*About this task*.
Looking at the entries below, how many lines include the word "general"? Answer with the number alone.

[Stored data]
----

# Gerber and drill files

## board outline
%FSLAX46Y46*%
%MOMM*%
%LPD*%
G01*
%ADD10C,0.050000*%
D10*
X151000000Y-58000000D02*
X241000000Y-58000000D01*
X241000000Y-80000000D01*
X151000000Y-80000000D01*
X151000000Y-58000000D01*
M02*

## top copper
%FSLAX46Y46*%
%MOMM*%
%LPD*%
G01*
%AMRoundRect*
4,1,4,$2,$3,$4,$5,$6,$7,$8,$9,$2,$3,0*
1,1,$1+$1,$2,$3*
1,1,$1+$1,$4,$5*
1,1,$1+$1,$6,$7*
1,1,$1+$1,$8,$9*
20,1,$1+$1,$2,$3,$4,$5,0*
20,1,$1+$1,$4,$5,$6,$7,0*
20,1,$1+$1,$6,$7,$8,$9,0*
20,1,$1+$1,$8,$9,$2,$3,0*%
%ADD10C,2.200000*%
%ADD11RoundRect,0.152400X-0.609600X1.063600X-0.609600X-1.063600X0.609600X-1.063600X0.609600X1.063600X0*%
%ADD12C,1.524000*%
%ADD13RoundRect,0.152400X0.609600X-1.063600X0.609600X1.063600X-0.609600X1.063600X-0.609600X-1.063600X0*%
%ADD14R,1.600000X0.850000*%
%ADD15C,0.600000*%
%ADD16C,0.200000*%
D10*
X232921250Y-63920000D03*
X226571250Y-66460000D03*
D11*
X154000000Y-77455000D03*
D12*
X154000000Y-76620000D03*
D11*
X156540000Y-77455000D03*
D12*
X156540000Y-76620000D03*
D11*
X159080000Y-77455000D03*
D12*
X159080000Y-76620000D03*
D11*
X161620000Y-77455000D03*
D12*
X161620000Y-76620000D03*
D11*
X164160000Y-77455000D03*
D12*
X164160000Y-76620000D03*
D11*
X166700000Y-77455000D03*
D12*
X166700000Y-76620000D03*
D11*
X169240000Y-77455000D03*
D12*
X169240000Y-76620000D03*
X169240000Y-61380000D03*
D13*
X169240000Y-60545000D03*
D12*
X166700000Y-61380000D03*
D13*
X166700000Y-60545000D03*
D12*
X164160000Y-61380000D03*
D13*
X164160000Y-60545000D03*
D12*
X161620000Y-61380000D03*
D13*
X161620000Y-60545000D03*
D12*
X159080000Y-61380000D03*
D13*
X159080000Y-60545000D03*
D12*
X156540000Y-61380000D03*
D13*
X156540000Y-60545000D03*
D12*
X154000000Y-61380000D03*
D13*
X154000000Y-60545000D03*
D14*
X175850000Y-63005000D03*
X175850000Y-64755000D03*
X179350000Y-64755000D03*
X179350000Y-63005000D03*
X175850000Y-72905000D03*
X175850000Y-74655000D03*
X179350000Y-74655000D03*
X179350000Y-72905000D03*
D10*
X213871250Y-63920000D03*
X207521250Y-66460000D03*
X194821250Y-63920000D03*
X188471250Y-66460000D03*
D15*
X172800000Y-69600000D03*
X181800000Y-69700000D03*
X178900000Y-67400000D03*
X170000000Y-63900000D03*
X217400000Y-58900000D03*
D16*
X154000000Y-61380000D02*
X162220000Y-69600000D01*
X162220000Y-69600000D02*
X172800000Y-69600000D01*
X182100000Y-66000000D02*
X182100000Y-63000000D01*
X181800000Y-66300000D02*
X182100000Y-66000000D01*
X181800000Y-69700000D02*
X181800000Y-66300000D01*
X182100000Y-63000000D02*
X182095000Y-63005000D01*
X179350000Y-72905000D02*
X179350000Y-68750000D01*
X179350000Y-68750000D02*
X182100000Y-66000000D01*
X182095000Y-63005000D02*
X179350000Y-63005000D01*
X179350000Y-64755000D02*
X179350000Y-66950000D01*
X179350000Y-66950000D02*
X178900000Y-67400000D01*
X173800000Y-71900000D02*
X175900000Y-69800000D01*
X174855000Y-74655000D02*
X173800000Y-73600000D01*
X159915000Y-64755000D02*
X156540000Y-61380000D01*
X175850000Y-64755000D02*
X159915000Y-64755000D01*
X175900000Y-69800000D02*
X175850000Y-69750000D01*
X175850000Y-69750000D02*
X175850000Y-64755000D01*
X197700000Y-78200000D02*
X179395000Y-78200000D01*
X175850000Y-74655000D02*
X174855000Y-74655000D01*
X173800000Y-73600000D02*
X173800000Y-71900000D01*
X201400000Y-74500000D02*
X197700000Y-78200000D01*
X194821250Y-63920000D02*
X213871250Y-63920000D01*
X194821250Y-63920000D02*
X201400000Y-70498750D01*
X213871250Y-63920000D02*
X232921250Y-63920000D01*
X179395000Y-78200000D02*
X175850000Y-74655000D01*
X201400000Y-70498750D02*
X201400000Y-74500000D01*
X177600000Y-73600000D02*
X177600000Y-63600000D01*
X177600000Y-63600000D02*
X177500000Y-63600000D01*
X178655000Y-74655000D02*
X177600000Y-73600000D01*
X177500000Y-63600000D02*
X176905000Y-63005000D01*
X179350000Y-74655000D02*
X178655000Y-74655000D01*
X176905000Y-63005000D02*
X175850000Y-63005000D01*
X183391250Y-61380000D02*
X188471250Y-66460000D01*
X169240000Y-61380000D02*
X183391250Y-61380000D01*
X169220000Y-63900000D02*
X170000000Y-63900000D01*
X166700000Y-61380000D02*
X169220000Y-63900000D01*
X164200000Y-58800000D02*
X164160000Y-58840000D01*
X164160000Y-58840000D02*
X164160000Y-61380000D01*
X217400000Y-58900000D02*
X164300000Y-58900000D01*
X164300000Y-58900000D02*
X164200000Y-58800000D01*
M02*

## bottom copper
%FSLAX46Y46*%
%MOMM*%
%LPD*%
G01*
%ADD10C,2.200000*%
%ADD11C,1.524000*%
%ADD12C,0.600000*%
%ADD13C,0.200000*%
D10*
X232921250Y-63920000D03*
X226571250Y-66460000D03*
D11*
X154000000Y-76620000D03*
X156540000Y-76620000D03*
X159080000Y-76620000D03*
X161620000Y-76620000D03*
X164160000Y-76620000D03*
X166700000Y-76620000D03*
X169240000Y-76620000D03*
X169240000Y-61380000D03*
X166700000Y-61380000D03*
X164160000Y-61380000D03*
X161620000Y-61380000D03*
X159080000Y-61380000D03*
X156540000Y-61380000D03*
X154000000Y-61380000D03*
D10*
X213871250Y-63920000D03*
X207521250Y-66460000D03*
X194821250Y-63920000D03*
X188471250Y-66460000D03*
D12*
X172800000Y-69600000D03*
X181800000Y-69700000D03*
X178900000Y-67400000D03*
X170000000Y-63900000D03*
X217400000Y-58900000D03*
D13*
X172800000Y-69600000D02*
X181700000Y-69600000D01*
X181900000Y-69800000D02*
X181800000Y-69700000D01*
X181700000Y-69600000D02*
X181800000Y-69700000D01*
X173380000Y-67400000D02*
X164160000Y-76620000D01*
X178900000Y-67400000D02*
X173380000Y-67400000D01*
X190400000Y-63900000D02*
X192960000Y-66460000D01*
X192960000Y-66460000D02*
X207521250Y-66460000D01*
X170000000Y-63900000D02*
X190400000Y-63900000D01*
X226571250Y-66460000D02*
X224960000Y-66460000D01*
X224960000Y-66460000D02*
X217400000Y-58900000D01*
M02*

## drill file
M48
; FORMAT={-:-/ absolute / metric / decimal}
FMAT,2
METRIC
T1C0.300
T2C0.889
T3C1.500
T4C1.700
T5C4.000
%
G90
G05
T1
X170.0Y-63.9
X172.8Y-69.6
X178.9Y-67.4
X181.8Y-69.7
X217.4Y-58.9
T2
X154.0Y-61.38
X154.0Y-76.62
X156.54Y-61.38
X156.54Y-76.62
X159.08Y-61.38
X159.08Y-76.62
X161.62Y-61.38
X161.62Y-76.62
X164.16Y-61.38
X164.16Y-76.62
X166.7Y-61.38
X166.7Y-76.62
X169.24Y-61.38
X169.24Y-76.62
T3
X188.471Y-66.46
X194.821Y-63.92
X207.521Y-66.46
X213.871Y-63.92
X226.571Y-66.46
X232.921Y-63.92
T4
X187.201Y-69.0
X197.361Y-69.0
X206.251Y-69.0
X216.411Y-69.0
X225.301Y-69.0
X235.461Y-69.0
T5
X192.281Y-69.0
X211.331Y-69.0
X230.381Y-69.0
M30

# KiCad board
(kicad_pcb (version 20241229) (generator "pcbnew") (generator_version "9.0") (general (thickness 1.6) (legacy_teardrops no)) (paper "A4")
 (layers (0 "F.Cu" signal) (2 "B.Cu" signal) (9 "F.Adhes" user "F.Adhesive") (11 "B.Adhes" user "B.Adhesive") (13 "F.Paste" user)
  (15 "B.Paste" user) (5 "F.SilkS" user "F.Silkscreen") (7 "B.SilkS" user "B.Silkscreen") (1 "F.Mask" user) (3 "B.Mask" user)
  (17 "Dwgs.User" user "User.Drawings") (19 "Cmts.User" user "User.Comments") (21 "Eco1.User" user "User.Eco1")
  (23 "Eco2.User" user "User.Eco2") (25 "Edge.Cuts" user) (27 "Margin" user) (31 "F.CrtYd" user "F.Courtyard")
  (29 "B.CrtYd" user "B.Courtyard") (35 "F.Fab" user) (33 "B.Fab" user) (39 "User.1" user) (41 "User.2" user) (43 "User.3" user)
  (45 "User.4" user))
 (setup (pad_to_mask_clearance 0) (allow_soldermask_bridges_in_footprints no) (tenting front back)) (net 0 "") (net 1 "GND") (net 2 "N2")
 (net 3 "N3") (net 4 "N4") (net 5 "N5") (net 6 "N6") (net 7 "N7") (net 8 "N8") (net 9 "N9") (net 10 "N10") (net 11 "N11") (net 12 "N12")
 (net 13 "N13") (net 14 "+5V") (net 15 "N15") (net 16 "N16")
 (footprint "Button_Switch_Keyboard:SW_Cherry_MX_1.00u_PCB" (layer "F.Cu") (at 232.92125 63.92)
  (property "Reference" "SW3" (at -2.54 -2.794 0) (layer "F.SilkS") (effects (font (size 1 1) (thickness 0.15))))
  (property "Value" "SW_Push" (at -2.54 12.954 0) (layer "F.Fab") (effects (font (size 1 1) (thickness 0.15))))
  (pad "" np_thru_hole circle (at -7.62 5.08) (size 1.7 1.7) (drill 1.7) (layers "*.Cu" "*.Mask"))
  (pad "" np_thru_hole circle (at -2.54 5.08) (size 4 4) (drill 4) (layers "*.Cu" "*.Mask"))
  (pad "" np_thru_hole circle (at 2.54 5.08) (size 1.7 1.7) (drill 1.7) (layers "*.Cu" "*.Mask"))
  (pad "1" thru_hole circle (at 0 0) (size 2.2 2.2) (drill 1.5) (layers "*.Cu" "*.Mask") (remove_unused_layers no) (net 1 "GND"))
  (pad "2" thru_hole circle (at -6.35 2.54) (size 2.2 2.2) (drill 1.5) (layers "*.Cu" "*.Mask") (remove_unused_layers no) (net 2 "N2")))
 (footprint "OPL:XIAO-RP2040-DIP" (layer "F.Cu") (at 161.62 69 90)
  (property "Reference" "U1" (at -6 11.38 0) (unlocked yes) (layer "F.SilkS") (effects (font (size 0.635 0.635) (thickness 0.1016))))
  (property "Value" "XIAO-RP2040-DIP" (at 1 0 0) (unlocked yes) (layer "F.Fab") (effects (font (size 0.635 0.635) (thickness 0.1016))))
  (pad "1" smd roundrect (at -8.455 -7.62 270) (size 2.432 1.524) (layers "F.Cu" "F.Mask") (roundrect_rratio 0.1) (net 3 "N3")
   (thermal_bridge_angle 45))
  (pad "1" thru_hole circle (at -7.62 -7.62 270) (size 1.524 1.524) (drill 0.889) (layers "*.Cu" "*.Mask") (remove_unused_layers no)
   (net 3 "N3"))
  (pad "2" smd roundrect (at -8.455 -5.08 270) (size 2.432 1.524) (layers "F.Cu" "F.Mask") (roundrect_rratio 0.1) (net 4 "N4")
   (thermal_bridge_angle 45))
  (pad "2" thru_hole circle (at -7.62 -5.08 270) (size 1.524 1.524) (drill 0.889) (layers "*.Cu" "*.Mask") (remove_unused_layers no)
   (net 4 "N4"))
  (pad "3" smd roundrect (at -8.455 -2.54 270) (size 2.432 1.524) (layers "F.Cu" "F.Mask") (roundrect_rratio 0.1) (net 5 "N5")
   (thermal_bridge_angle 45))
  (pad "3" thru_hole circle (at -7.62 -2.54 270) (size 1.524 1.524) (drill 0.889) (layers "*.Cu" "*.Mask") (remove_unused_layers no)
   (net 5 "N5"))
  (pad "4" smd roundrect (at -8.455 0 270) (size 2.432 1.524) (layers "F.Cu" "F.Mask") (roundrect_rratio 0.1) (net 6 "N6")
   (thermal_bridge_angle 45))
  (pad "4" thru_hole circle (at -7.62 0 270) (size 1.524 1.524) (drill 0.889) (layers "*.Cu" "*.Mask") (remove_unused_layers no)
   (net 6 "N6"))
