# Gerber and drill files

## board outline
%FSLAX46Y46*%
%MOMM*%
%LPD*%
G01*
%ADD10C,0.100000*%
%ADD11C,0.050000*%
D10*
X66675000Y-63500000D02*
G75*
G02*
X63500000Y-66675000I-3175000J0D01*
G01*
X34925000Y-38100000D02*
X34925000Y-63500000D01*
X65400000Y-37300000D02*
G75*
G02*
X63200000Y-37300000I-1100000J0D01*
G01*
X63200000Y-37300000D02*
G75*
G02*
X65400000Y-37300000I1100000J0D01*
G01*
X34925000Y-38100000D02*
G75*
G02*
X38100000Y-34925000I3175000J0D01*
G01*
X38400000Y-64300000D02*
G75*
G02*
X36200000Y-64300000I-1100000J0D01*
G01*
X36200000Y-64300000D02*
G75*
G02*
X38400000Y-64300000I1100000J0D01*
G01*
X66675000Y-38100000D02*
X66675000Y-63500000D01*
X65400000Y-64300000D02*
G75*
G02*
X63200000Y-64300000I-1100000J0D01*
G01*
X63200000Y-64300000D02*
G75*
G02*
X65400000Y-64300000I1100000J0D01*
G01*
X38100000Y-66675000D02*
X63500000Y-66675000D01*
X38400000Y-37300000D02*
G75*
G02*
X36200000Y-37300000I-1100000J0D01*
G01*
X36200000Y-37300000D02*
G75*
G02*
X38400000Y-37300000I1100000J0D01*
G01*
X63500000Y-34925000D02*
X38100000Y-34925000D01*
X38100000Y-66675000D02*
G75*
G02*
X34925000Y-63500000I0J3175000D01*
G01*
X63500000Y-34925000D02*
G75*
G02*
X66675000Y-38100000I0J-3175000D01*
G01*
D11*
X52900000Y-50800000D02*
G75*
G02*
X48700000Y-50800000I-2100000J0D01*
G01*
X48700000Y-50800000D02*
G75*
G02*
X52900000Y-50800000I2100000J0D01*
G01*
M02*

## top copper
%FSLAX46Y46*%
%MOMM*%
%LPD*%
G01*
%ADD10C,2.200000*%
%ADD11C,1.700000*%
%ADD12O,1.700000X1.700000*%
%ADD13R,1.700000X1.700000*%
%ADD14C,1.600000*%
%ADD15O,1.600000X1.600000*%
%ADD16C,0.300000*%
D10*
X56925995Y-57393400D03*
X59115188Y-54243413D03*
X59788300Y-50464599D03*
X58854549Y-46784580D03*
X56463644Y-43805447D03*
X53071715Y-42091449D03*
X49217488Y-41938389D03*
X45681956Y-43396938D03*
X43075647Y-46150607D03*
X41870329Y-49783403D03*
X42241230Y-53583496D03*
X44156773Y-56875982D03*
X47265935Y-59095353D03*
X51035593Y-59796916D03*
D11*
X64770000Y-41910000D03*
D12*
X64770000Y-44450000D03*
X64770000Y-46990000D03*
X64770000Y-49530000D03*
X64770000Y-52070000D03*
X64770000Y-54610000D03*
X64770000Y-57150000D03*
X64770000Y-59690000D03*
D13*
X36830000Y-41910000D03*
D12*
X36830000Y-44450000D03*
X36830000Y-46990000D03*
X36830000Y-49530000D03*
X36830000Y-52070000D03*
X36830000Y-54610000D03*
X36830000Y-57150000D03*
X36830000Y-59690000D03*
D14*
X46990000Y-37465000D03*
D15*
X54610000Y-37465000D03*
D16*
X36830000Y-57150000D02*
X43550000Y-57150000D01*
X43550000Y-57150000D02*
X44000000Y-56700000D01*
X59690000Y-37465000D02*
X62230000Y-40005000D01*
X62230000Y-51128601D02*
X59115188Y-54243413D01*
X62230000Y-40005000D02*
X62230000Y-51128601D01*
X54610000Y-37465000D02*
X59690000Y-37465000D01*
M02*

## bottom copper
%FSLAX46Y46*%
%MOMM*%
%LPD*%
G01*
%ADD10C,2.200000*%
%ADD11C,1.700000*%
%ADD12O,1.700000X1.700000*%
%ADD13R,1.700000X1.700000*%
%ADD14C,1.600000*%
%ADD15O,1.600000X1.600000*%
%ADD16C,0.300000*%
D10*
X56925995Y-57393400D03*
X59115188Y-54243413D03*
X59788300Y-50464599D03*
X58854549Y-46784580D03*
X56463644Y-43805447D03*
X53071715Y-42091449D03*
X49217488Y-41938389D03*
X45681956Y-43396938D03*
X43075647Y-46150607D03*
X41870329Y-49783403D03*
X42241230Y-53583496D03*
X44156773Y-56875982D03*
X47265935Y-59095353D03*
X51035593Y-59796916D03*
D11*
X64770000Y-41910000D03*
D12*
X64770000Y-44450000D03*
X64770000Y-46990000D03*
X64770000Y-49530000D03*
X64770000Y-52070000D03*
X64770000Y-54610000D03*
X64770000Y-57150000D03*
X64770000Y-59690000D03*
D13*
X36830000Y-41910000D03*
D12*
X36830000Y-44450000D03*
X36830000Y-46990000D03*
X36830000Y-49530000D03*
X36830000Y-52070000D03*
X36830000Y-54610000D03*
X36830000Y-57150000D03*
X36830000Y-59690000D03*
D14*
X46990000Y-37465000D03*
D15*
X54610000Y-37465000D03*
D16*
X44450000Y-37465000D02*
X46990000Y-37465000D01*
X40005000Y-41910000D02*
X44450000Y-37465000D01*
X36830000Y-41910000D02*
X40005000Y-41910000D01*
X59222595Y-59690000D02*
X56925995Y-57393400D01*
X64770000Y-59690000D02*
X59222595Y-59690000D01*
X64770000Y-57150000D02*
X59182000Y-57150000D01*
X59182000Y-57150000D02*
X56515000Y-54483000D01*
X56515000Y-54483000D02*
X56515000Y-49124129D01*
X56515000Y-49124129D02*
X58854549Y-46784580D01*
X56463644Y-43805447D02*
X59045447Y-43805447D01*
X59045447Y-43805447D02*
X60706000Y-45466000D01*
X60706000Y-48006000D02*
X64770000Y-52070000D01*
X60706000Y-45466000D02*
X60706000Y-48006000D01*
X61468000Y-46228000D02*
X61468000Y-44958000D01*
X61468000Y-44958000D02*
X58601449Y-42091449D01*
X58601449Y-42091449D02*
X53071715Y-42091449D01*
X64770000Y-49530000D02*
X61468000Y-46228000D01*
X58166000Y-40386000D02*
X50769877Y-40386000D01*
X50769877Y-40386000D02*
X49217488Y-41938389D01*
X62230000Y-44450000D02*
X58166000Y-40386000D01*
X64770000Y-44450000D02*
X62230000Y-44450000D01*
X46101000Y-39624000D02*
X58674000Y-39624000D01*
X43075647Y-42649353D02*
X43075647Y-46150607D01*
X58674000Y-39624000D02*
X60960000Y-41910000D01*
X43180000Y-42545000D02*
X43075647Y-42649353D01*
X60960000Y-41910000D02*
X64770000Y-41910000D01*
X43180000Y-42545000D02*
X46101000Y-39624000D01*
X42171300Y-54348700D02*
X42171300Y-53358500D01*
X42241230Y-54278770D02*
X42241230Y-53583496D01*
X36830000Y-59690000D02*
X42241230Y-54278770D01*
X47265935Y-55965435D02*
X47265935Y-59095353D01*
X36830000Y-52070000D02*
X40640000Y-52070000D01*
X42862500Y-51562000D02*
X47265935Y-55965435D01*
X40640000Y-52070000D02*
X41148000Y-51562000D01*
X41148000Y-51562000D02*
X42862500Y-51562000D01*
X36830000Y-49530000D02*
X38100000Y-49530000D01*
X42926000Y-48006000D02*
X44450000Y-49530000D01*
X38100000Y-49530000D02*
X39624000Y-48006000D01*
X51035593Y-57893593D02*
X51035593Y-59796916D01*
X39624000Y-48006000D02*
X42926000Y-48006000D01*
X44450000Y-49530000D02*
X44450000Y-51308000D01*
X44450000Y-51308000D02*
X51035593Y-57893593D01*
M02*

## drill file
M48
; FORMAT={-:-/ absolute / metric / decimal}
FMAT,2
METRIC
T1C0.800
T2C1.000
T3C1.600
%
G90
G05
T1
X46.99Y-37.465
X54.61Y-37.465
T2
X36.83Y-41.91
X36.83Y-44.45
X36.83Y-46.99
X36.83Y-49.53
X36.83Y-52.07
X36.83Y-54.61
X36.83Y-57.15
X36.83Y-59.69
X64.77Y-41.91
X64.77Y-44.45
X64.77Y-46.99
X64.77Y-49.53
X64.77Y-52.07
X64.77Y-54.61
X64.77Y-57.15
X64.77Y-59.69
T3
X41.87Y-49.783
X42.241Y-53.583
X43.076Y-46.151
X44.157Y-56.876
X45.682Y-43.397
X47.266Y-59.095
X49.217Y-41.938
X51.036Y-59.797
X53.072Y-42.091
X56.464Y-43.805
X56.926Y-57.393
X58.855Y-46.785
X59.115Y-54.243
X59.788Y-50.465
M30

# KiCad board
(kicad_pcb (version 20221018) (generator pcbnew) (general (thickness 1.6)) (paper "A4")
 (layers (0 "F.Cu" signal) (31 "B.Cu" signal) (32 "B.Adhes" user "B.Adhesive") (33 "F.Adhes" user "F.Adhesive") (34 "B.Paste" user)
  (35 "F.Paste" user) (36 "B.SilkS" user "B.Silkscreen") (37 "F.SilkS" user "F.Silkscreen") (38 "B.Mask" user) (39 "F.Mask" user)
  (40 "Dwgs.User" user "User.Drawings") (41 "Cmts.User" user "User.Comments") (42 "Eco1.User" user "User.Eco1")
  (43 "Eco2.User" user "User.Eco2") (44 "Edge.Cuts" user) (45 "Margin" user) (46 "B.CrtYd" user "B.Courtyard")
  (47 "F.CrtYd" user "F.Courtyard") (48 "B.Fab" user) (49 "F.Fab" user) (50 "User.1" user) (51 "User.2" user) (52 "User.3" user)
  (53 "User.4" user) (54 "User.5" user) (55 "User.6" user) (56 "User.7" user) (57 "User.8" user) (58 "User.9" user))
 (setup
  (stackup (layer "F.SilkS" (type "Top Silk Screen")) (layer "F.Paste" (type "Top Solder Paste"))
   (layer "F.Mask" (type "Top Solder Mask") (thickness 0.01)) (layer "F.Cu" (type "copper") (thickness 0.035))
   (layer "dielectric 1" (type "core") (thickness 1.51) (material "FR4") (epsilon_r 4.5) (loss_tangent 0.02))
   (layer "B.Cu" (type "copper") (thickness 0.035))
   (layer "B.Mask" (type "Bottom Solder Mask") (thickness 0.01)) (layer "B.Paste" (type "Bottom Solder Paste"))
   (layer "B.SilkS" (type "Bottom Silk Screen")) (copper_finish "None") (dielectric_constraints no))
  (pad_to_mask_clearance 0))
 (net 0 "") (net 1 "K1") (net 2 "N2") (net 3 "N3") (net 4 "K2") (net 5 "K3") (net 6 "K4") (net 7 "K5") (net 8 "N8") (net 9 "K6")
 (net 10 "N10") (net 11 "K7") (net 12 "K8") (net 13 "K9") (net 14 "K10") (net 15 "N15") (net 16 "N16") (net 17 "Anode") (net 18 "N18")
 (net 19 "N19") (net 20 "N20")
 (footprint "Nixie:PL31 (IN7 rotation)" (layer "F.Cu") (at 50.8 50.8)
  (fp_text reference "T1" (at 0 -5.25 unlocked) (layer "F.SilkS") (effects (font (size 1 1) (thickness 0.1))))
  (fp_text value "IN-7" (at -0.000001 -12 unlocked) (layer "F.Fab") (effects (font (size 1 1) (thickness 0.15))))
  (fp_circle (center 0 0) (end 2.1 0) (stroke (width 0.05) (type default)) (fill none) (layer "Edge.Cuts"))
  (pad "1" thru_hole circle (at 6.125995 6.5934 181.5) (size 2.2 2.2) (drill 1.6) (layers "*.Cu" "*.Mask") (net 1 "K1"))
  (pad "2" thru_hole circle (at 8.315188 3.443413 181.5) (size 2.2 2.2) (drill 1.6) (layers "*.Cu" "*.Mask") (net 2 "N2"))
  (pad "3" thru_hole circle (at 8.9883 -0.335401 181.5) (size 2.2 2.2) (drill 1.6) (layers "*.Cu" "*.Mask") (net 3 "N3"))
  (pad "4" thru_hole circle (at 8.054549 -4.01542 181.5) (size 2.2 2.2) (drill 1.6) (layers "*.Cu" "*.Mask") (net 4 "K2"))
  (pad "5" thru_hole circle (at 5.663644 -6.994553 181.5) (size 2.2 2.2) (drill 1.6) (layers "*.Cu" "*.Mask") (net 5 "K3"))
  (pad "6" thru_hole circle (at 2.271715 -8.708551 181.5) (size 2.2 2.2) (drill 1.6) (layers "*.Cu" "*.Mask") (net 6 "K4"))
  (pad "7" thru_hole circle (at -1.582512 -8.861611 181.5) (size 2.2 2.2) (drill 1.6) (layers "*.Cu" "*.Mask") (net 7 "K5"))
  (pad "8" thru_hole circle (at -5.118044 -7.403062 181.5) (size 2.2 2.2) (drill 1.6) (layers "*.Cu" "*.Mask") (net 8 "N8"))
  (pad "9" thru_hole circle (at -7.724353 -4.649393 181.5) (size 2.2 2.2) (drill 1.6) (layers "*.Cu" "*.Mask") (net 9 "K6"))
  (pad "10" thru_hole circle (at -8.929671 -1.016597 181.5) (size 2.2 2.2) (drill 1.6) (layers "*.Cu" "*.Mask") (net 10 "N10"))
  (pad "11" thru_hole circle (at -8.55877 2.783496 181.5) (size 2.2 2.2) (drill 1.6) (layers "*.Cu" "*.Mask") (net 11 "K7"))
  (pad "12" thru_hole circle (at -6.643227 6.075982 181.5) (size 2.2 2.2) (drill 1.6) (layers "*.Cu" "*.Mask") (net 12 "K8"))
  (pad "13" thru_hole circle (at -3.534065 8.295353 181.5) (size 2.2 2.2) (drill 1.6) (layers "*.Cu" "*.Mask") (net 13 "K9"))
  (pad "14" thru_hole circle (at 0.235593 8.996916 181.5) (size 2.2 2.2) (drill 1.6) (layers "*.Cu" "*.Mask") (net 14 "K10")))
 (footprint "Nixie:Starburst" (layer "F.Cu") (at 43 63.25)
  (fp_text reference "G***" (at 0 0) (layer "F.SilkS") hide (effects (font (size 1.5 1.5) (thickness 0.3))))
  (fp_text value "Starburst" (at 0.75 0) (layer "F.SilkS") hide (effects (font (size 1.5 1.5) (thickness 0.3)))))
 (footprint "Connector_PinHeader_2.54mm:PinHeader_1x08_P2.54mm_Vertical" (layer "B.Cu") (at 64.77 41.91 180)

----

*Result for this exercise*.
2